REDUCCION DE JORNADA
TRABAJAR MENOS HOY
PARA GANAR MAÑANA
La RAE, en su segunda acepción, define trabajar como “Tener
una ocupación remunerada en una empresa o una institución”. El término proviene
de tripalium, un ‘instrumento de tortura’. Y es que, efectivamente,
a nadie escapa a estas alturas (especialmente si tiene ya algunos años de
experiencia a sus espaldas) que el trabajo es una tortura.
Es una tortura porque nos obliga a desempeñar tareas más o menos desagradables a cambio de un dinero con el que costear derechos básicos como la vivienda, la comida o la ropa. Es una tortura porque nos arranca lo que generamos con nuestras manos para que unos pocos se enriquezcan de ello. Es una tortura porque nos roba tiempo de ocio y de disfrute, ya sea junto a nuestros seres queridos o en solitario. Es una tortura porque nos enferma y a veces nos mata.

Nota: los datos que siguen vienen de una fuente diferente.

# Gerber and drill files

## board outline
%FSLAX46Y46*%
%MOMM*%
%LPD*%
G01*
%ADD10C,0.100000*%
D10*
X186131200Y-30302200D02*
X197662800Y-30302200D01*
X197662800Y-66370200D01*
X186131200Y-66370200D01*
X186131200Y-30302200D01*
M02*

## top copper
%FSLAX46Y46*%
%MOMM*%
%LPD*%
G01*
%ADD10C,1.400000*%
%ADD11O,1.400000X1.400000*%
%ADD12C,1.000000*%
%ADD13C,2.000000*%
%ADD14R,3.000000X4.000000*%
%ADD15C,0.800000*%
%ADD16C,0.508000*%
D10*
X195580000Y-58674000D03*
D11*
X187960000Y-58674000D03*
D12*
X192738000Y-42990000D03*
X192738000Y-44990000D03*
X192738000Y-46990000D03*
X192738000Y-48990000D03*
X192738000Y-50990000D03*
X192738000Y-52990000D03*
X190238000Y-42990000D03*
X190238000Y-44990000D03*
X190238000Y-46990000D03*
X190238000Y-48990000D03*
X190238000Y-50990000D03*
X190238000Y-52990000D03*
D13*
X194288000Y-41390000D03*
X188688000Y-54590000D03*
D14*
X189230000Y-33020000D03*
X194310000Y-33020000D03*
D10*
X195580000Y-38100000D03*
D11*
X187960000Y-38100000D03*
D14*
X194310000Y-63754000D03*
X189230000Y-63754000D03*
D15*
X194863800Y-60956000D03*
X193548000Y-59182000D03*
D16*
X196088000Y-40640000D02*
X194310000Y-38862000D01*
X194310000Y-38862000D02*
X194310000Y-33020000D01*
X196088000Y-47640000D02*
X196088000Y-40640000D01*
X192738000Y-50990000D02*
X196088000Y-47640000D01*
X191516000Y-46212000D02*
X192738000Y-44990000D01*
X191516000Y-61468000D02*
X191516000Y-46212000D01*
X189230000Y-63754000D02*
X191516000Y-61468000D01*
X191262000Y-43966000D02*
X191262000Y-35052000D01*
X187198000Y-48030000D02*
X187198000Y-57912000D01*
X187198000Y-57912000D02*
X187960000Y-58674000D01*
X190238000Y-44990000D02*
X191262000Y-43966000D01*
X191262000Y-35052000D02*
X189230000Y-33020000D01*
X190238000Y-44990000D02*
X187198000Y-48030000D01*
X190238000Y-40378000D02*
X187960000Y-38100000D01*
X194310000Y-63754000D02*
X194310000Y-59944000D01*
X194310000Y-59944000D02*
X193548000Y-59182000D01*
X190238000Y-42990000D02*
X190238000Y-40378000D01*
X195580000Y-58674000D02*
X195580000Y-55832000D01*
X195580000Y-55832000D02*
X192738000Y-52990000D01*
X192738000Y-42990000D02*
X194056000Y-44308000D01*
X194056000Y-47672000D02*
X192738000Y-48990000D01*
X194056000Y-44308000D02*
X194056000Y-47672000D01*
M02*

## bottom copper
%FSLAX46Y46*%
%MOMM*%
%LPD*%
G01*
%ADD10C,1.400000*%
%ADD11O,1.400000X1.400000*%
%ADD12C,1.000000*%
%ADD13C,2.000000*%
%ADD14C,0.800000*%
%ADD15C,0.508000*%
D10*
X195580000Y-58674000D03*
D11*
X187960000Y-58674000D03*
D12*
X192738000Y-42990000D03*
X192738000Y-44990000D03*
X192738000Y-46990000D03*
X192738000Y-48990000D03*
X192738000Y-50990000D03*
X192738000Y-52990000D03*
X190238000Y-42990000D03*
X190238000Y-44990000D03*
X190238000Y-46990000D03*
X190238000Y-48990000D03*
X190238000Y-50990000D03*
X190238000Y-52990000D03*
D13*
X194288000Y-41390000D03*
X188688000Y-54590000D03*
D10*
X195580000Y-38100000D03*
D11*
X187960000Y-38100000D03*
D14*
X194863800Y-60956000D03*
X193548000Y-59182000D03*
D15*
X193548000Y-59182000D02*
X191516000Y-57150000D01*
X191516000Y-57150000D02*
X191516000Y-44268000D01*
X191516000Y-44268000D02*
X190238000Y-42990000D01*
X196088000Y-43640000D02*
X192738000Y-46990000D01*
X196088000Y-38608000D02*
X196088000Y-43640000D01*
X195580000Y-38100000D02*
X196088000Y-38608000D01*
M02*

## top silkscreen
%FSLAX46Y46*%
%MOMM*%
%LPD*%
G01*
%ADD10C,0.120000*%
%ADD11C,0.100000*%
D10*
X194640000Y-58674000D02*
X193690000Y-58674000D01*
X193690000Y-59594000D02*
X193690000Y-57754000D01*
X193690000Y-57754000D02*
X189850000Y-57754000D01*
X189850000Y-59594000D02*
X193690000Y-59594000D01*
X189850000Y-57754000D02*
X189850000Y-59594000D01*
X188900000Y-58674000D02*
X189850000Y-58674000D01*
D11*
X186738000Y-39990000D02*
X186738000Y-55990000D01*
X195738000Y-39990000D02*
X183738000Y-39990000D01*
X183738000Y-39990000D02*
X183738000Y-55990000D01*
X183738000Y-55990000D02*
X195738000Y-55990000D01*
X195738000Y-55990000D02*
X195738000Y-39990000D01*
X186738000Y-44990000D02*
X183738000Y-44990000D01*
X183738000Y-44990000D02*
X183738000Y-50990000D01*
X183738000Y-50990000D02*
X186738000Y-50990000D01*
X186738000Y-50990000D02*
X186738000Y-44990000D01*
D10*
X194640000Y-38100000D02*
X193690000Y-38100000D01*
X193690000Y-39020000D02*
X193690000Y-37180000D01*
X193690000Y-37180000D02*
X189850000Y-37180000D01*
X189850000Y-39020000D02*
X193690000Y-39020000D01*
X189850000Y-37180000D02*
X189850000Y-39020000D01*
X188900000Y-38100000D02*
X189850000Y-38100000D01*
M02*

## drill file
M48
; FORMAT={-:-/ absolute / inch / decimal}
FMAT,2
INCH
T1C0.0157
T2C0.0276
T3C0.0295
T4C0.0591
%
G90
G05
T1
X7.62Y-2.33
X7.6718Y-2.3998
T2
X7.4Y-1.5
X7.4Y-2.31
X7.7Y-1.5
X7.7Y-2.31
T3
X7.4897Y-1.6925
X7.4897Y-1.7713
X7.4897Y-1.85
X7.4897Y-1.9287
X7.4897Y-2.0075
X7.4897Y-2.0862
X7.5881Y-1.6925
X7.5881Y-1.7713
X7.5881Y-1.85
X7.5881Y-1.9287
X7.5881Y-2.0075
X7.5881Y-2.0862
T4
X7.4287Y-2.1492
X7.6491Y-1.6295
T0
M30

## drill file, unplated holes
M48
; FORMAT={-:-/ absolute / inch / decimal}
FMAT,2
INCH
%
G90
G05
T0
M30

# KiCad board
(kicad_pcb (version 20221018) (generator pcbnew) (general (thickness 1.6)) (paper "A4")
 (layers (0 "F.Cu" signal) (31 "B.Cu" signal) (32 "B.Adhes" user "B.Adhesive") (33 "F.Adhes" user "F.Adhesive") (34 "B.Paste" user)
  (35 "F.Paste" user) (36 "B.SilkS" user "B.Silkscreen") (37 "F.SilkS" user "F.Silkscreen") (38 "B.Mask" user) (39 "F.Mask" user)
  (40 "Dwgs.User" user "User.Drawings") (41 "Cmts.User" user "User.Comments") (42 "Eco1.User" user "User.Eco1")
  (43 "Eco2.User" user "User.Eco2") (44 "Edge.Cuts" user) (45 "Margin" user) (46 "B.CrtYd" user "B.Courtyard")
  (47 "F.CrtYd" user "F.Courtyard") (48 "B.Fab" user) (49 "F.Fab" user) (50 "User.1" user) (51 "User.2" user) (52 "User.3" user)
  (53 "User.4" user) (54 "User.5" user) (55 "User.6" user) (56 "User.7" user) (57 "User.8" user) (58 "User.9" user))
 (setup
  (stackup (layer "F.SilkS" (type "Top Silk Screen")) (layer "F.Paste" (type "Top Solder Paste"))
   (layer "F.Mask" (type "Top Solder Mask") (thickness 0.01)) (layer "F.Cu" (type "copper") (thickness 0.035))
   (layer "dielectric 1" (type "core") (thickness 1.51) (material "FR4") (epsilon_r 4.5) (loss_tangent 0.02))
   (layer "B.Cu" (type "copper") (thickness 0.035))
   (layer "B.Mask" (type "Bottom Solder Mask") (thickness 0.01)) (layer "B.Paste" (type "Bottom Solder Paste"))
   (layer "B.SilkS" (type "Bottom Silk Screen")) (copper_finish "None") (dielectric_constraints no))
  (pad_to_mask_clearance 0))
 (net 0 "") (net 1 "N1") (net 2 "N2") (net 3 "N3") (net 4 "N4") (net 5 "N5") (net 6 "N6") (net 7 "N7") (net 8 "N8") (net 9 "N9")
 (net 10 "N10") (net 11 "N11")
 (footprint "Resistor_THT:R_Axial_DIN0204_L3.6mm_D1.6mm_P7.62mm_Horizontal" (layer "F.Cu") (at 195.58 58.674 180)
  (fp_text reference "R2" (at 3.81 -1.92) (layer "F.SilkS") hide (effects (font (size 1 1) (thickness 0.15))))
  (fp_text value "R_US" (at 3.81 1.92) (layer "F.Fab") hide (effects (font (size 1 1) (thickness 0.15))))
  (fp_line (start 0.94 0) (end 1.89 0) (stroke (width 0.12) (type solid)) (layer "F.SilkS"))
  (fp_line (start 1.89 -0.92) (end 1.89 0.92) (stroke (width 0.12) (type solid)) (layer "F.SilkS"))
  (fp_line (start 1.89 0.92) (end 5.73 0.92) (stroke (width 0.12) (type solid)) (layer "F.SilkS"))
  (fp_line (start 5.73 -0.92) (end 1.89 -0.92) (stroke (width 0.12) (type solid)) (layer "F.SilkS"))
  (fp_line (start 5.73 0.92) (end 5.73 -0.92) (stroke (width 0.12) (type solid)) (layer "F.SilkS"))
  (fp_line (start 6.68 0) (end 5.73 0) (stroke (width 0.12) (type solid)) (layer "F.SilkS"))
  (pad "1" thru_hole circle (at 0 0 180) (size 1.4 1.4) (drill 0.7) (layers "*.Cu" "*.Mask") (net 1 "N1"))
  (pad "2" thru_hole oval (at 7.62 0 180) (size 1.4 1.4) (drill 0.7) (layers "*.Cu" "*.Mask") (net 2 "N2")))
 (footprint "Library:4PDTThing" (layer "F.Cu") (at 185.738 46.99 -90)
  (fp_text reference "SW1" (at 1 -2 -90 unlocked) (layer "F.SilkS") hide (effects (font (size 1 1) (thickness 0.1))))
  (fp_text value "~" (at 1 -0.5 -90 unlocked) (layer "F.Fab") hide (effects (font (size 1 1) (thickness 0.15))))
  (fp_line (start -7 -1) (end 9 -1) (stroke (width 0.1) (type default)) (layer "F.SilkS"))
  (fp_rect (start -7 -10) (end 9 2) (stroke (width 0.1) (type default)) (fill none) (layer "F.SilkS"))
  (fp_rect (start -2 -1) (end 4 2) (stroke (width 0.1) (type default)) (fill none) (layer "F.SilkS"))
  (pad "1" thru_hole circle (at -4 -7 270) (size 1 1) (drill 0.75) (layers "*.Cu" "*.Mask") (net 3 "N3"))
  (pad "2" thru_hole circle (at -2 -7 270) (size 1 1) (drill 0.75) (layers "*.Cu" "*.Mask") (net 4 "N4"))
  (pad "3" thru_hole circle (at 0 -7 270) (size 1 1) (drill 0.75) (layers "*.Cu" "*.Mask") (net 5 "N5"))
  (pad "4" thru_hole circle (at 2 -7 270) (size 1 1) (drill 0.75) (layers "*.Cu" "*.Mask") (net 3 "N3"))
  (pad "5" thru_hole circle (at 4 -7 270) (size 1 1) (drill 0.75) (layers "*.Cu" "*.Mask") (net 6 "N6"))
  (pad "6" thru_hole circle (at 6 -7 270) (size 1 1) (drill 0.75) (layers "*.Cu" "*.Mask") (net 1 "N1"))
  (pad "7" thru_hole circle (at -4 -4.5 270) (size 1 1) (drill 0.75) (layers "*.Cu" "*.Mask") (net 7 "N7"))
  (pad "8" thru_hole circle (at -2 -4.5 270) (size 1 1) (drill 0.75) (layers "*.Cu" "*.Mask") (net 2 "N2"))
  (pad "9" thru_hole circle (at 0 -4.5 270) (size 1 1) (drill 0.75) (layers "*.Cu" "*.Mask") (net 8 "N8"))
  (pad "10" thru_hole circle (at 2 -4.5 270) (size 1 1) (drill 0.75) (layers "*.Cu" "*.Mask") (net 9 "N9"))
  (pad "11" thru_hole circle (at 4 -4.5 270) (size 1 1) (drill 0.75) (layers "*.Cu" "*.Mask") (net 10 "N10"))
  (pad "12" thru_hole circle (at 6 -4.5 270) (size 1 1) (drill 0.75) (layers "*.Cu" "*.Mask") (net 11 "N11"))
  (pad "13" thru_hole circle (at -5.6 -8.55 270) (size 2 2) (drill 1.5) (layers "*.Cu" "*.Mask"))
  (pad "14" thru_hole circle (at 7.6 -2.95 270) (size 2 2) (drill 1.5) (layers "*.Cu" "*.Mask")))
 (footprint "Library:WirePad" (layer "F.Cu") (at 191.77 38.1)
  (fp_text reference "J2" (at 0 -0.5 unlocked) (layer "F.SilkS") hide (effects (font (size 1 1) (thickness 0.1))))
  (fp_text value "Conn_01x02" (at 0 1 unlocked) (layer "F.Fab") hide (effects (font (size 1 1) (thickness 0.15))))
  (pad "1" smd rect (at -2.54 -5.08 90) (size 4 3) (layers "F.Cu" "F.Paste" "F.Mask") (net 2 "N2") (thermal_bridge_angle 45))
  (pad "2" smd rect (at 2.54 -5.08 90) (size 4 3) (layers "F.Cu" "F.Paste" "F.Mask") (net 6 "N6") (thermal_bridge_angle 45)))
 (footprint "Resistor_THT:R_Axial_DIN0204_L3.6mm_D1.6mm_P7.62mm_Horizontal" (layer "F.Cu") (at 195.58 38.1 180)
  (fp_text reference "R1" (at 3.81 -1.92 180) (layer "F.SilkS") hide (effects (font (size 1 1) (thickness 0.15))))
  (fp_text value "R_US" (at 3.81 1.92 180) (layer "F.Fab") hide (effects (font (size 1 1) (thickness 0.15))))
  (fp_line (start 0.94 0) (end 1.89 0) (stroke (width 0.12) (type solid)) (layer "F.SilkS"))
  (fp_line (start 1.89 -0.92) (end 1.89 0.92) (stroke (width 0.12) (type solid)) (layer "F.SilkS"))
  (fp_line (start 1.89 0.92) (end 5.73 0.92) (stroke (width 0.12) (type solid)) (layer "F.SilkS"))
  (fp_line (start 5.73 -0.92) (end 1.89 -0.92) (stroke (width 0.12) (type solid)) (layer "F.SilkS"))
  (fp_line (start 5.73 0.92) (end 5.73 -0.92) (stroke (width 0.12) (type solid)) (layer "F.SilkS"))
  (fp_line (start 6.68 0) (end 5.73 0) (stroke (width 0.12) (type solid)) (layer "F.SilkS"))
  (pad "1" thru_hole circle (at 0 0 180) (size 1.4 1.4) (drill 0.7) (layers "*.Cu" "*.Mask") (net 5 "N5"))
  (pad "2" thru_hole oval (at 7.62 0 180) (size 1.4 1.4) (drill 0.7) (layers "*.Cu" "*.Mask") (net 7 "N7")))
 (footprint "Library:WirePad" (layer "F.Cu") (at 191.77 58.674 180)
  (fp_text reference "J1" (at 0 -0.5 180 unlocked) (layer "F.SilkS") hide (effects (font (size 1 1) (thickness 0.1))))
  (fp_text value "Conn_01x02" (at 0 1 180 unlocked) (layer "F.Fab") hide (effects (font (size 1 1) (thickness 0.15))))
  (pad "1" smd rect (at -2.54 -5.08 270) (size 4 3) (layers "F.Cu" "F.Paste" "F.Mask") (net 7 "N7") (thermal_bridge_angle 45))
  (pad "2" smd rect (at 2.54 -5.08 270) (size 4 3) (layers "F.Cu" "F.Paste" "F.Mask") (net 4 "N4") (thermal_bridge_angle 45)))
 (gr_rect (start 186.1312 30.3022) (end 197.6628 66.3702) (stroke (width 0.1) (type default)) (fill none) (layer "Edge.Cuts"))
 (segment (start 191.262 43.966) (end 191.262 35.052) (width 0.508) (layer "F.Cu") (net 2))
 (segment (start 187.198 48.03) (end 187.198 57.912) (width 0.508) (layer "F.Cu") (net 2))
 (segment (start 187.198 57.912) (end 187.96 58.674) (width 0.508) (layer "F.Cu") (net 2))
 (segment (start 190.238 44.99) (end 191.262 43.966) (width 0.508) (layer "F.Cu") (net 2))
 (segment (start 191.262 35.052) (end 189.23 33.02) (width 0.508) (layer "F.Cu") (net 2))
 (segment (start 190.238 44.99) (end 187.198 48.03) (width 0.508) (layer "F.Cu") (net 2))
 (segment (start 194.31 38.862) (end 194.31 33.02) (width 0.508) (layer "F.Cu") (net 6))
 (segment (start 196.088 47.64) (end 196.088 40.64) (width 0.508) (layer "F.Cu") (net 6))
 (segment (start 196.088 40.64) (end 194.31 38.862) (width 0.508) (layer "F.Cu") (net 6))
 (segment (start 192.738 50.99) (end 196.088 47.64) (width 0.508) (layer "F.Cu") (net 6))
 (segment (start 190.238 40.378) (end 187.96 38.1) (width 0.508) (layer "F.Cu") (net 7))
 (segment (start 194.31 63.754) (end 194.31 59.944) (width 0.508) (layer "F.Cu") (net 7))
 (segment (start 194.31 59.944) (end 193.548 59.182) (width 0.508) (layer "F.Cu") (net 7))
 (segment (start 190.238 42.99) (end 190.238 40.378) (width 0.508) (layer "F.Cu") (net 7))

Una tortura que, sin embargo, nos empeñamos en extender y
convertir en obligatoria. Si una cosa tiene clara el consenso moderno es que no
trabajar, no ser alguien productivo y de valor, es un pecado mortal. De hecho,
no habría peor pecado que valerse de argucias y trampas para engañar a la
administración y vivir del dinero público mientras no se da un palo al agua. Un
pecado capital en un mundo hipercapitalista.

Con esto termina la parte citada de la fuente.